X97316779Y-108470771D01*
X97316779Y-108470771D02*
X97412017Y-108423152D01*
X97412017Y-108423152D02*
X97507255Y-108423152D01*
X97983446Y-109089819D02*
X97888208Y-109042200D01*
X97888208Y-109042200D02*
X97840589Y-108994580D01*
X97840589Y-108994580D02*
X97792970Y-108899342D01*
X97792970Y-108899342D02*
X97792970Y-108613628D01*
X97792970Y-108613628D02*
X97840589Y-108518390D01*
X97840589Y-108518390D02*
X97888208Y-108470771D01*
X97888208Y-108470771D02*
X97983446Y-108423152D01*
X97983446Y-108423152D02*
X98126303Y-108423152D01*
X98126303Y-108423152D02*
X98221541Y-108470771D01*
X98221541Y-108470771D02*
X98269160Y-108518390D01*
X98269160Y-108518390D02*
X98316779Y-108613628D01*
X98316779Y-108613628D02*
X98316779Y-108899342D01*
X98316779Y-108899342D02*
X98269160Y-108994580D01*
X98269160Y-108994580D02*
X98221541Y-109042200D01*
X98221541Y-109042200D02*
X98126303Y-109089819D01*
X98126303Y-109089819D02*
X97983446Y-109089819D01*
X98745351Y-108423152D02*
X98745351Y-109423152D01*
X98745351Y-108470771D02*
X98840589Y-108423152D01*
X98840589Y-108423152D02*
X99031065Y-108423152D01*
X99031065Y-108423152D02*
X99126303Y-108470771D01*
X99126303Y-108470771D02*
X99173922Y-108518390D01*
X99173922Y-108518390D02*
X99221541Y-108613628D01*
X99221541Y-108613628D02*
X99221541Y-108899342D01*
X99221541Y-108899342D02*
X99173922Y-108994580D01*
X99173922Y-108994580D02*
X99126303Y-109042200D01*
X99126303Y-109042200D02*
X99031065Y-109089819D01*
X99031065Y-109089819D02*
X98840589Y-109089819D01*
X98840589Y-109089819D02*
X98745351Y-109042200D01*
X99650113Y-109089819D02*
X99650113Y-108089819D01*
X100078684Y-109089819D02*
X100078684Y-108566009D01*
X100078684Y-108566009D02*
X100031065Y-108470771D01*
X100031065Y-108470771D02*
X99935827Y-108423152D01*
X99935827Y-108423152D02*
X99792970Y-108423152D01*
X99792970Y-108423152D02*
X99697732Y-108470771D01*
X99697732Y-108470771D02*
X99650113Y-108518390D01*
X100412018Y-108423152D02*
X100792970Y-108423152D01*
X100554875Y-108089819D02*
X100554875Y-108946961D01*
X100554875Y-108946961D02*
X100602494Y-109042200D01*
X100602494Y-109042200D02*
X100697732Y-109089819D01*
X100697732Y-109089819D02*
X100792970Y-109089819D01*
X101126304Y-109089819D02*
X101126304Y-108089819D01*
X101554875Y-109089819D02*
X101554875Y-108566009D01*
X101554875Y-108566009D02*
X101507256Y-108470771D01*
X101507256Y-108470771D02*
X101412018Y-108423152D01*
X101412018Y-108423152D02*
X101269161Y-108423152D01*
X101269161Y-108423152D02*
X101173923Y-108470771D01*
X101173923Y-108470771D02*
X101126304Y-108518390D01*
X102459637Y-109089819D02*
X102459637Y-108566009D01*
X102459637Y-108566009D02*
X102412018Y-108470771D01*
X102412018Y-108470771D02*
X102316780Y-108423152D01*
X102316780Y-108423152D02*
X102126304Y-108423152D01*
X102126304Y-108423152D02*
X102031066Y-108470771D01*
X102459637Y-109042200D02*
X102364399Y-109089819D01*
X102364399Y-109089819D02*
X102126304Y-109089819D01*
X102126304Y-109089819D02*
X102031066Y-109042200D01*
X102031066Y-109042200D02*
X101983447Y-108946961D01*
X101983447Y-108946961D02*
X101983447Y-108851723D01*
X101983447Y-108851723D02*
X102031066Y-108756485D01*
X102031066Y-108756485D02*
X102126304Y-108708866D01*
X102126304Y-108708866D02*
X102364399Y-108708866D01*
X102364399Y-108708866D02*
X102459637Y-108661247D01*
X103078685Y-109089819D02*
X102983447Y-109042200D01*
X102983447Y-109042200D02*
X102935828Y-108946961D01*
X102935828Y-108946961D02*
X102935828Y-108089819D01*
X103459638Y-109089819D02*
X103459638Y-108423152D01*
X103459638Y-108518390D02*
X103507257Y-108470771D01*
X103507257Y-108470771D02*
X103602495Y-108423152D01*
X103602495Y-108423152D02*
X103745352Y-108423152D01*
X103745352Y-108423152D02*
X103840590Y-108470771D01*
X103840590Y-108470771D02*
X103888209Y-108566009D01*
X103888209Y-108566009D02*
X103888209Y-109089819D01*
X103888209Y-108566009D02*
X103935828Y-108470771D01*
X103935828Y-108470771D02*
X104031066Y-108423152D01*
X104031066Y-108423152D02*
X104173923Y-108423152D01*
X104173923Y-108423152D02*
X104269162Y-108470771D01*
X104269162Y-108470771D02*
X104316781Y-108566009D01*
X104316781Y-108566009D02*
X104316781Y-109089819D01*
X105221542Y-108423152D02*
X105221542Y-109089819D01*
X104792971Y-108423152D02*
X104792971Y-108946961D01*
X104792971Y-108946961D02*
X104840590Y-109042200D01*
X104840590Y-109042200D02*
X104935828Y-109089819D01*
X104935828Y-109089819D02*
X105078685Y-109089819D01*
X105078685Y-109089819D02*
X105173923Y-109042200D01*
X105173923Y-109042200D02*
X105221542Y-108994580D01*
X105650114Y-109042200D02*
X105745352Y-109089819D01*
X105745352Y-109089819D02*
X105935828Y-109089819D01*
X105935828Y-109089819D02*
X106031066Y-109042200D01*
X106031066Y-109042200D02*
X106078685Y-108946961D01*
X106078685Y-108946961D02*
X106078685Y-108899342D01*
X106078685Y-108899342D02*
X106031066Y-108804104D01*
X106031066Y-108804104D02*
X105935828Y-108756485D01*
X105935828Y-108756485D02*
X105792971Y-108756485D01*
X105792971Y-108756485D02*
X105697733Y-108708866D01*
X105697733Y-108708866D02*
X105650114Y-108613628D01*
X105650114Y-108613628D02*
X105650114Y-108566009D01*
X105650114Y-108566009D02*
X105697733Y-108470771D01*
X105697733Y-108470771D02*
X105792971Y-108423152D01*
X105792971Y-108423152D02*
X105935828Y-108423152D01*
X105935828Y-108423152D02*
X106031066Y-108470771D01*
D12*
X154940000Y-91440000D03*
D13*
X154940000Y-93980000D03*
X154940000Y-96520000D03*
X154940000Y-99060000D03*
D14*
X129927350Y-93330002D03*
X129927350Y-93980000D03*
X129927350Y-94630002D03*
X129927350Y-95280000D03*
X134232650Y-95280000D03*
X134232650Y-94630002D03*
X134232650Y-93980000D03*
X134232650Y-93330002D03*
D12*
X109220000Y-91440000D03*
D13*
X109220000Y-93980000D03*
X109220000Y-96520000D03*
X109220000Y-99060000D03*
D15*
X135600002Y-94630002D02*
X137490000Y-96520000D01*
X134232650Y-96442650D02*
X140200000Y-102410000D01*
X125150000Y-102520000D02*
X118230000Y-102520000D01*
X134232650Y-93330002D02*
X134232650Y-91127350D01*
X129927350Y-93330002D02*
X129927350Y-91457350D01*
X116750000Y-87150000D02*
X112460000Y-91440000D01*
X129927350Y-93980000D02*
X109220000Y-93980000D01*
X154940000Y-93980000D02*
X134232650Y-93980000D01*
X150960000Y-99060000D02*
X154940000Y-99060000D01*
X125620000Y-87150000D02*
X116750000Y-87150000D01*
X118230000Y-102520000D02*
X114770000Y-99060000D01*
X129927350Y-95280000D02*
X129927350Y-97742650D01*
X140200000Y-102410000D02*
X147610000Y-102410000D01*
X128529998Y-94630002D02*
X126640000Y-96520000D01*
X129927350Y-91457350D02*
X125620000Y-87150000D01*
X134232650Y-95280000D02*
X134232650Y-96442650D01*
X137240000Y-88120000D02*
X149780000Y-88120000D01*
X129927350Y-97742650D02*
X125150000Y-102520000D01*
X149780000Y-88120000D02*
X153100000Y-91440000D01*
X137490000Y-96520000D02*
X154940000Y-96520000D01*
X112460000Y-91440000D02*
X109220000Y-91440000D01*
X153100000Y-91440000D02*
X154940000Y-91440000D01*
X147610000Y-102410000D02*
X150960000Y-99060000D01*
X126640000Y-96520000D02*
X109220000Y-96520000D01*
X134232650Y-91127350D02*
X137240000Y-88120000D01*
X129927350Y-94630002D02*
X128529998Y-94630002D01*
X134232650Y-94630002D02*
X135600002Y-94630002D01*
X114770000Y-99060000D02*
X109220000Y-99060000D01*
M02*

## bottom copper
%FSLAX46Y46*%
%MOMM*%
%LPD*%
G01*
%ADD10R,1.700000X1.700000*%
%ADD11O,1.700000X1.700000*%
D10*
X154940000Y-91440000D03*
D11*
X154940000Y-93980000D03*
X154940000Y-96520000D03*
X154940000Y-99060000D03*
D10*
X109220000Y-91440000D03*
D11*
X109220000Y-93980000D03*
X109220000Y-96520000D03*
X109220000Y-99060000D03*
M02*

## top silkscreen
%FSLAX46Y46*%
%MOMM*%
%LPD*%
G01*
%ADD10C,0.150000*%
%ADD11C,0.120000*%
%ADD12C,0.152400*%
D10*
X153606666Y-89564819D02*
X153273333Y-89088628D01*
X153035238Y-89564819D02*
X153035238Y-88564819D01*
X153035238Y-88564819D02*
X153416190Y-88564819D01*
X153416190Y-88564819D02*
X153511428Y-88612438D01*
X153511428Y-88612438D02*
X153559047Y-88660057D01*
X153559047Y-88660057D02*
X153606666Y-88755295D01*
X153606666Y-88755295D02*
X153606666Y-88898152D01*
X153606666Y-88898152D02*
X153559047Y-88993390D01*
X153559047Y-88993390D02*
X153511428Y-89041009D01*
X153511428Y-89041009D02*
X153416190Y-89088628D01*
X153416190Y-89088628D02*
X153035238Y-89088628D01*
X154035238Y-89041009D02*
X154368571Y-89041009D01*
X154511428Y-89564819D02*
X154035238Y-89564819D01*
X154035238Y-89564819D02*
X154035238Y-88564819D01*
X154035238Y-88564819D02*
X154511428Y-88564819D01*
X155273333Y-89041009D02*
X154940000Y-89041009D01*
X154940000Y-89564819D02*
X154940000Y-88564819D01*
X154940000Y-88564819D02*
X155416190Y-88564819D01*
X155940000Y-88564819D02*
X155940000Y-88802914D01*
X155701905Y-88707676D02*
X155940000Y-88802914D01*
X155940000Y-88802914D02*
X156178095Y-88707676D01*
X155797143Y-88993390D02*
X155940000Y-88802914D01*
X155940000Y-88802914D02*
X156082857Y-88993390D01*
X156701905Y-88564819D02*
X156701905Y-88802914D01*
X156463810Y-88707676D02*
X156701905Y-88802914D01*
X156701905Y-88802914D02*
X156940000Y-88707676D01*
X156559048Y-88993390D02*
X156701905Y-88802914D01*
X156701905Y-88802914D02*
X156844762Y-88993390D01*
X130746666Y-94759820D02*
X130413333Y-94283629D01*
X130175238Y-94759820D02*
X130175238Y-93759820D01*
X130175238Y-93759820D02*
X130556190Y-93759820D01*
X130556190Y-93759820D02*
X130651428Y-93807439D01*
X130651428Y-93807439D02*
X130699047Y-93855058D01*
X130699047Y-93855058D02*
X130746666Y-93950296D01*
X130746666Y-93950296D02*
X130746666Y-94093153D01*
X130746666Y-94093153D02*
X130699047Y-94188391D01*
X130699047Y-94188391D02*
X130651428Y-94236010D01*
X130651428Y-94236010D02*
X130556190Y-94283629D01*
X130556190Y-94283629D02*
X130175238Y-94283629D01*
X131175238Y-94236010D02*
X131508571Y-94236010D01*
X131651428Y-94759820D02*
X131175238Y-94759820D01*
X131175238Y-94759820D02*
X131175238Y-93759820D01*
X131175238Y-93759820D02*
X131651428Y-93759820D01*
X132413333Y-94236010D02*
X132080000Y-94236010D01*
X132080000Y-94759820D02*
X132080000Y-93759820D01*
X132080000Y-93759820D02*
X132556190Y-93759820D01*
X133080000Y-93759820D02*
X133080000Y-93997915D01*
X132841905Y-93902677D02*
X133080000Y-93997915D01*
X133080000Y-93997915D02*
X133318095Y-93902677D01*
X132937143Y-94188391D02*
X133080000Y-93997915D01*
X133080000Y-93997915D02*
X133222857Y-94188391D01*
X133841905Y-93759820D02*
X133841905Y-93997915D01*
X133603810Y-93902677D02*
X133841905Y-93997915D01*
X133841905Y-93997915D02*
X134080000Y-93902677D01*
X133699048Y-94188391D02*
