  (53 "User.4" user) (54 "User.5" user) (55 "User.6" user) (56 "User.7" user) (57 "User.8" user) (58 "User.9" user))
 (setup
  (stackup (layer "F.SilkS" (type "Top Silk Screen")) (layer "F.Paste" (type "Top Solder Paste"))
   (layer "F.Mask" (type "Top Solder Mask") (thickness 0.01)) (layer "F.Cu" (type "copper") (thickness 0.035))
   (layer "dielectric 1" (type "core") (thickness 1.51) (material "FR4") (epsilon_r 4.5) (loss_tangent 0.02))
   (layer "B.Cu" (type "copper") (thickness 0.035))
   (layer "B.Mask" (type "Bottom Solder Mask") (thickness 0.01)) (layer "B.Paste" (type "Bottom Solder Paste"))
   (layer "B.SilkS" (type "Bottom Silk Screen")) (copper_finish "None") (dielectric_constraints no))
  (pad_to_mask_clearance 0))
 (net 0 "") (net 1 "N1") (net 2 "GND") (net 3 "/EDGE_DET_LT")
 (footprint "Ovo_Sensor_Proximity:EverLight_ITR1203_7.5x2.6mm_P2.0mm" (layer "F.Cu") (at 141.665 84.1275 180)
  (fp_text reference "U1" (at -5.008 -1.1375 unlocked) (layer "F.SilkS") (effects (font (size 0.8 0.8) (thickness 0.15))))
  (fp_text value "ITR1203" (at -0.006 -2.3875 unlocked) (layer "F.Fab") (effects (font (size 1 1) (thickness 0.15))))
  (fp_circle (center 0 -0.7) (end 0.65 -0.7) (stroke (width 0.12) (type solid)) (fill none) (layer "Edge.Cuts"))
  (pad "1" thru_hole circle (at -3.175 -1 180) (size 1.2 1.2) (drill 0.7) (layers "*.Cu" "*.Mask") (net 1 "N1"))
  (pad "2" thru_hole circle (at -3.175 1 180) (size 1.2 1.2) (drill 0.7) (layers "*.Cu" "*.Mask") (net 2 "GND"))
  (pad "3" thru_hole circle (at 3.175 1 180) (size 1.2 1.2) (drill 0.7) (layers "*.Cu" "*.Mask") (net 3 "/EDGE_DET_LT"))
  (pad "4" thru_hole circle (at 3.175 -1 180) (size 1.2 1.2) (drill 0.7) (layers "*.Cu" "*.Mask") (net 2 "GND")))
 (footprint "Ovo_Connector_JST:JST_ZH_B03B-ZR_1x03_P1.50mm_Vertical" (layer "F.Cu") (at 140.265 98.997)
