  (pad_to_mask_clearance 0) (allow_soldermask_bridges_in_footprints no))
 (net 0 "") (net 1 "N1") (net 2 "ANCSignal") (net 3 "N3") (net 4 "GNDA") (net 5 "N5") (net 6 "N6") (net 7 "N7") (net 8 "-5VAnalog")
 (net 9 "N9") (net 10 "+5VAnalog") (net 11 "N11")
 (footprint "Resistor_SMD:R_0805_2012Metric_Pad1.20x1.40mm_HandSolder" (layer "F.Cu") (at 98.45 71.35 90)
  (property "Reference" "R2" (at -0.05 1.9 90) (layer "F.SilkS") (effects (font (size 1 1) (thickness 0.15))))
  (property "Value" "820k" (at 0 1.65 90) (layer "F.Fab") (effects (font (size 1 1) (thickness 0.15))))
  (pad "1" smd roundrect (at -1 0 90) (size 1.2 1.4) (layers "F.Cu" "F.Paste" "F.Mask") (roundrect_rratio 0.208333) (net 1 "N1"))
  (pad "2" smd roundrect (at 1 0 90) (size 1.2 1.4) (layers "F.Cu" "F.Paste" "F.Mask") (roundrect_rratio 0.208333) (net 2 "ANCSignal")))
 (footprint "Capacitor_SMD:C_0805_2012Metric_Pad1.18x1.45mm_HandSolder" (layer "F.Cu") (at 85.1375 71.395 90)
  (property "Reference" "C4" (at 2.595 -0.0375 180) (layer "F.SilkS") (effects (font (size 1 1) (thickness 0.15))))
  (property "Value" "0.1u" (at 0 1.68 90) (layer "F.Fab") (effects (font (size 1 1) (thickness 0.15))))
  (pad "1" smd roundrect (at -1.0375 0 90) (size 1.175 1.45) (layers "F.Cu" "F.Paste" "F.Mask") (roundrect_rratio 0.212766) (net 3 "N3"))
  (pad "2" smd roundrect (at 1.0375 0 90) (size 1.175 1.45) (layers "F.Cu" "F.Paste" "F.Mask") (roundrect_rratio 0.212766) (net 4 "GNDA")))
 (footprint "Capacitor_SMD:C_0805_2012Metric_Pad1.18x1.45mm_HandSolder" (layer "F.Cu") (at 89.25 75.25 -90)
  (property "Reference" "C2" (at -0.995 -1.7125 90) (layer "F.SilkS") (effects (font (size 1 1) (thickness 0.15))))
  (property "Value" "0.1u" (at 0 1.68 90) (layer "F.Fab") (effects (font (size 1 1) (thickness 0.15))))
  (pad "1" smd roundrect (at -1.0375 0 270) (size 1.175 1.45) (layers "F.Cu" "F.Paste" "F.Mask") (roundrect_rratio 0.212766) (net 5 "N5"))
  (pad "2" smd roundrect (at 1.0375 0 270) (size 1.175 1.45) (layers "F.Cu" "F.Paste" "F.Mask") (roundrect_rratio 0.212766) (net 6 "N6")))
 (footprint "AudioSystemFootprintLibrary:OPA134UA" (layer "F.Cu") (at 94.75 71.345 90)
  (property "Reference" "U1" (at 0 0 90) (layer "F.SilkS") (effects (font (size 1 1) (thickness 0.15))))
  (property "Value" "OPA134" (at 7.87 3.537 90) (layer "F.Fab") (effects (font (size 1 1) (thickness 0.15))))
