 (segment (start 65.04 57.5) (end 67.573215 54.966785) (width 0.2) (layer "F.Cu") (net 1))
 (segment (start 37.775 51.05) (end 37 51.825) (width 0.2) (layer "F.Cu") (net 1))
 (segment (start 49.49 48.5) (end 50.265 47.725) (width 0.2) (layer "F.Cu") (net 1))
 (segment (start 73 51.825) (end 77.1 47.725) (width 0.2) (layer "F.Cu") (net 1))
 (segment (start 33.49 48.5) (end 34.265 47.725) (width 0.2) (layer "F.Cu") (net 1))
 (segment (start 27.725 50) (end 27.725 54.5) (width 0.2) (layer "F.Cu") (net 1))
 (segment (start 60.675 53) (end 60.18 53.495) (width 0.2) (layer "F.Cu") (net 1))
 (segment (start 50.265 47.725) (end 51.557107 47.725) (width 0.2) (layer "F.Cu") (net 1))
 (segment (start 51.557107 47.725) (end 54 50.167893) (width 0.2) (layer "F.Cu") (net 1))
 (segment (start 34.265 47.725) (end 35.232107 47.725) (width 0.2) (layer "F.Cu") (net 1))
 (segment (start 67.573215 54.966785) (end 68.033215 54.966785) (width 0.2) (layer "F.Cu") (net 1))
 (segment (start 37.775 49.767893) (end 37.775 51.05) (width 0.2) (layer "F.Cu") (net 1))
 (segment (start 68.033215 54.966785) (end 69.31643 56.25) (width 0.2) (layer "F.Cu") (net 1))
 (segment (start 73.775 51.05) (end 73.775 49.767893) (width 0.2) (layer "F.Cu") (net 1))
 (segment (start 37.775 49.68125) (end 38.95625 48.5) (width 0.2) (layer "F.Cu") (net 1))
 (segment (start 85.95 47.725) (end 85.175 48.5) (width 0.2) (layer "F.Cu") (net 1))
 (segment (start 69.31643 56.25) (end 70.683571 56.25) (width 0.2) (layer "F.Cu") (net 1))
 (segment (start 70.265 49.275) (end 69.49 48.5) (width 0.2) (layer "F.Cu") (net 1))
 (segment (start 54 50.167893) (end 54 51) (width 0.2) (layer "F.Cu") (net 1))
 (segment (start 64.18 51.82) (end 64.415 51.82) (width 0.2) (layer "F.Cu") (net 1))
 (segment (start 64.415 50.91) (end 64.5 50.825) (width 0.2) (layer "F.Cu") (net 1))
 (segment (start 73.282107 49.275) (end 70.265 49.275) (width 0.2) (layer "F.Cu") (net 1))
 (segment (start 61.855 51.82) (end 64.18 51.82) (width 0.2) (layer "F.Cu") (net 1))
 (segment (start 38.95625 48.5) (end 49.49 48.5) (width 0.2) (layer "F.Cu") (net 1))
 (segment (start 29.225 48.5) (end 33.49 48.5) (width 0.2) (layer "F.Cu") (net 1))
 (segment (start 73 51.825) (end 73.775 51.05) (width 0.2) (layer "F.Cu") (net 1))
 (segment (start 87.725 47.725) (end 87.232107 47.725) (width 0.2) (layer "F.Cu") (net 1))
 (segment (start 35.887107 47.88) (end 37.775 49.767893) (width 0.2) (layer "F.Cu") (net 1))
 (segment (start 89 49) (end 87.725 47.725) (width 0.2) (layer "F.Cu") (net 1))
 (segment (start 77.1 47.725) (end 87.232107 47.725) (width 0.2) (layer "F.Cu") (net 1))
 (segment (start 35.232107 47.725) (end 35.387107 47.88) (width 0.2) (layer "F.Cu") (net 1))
———
* **ACTION ITEM**: Look above for the line with "X135600002Y-94630002D02*"; retype exactly that line, every line after it up to the line with "X116750000Y-87150000D02*", and that line too, nothing else.

* **WRITTEN REPLY**:
X135600002Y-94630002D02*
X137490000Y-96520000D01*
X134232650Y-96442650D02*
X140200000Y-102410000D01*
X125150000Y-102520000D02*
X118230000Y-102520000D01*
X134232650Y-93330002D02*
X134232650Y-91127350D01*
X129927350Y-93330002D02*
X129927350Y-91457350D01*
X116750000Y-87150000D02*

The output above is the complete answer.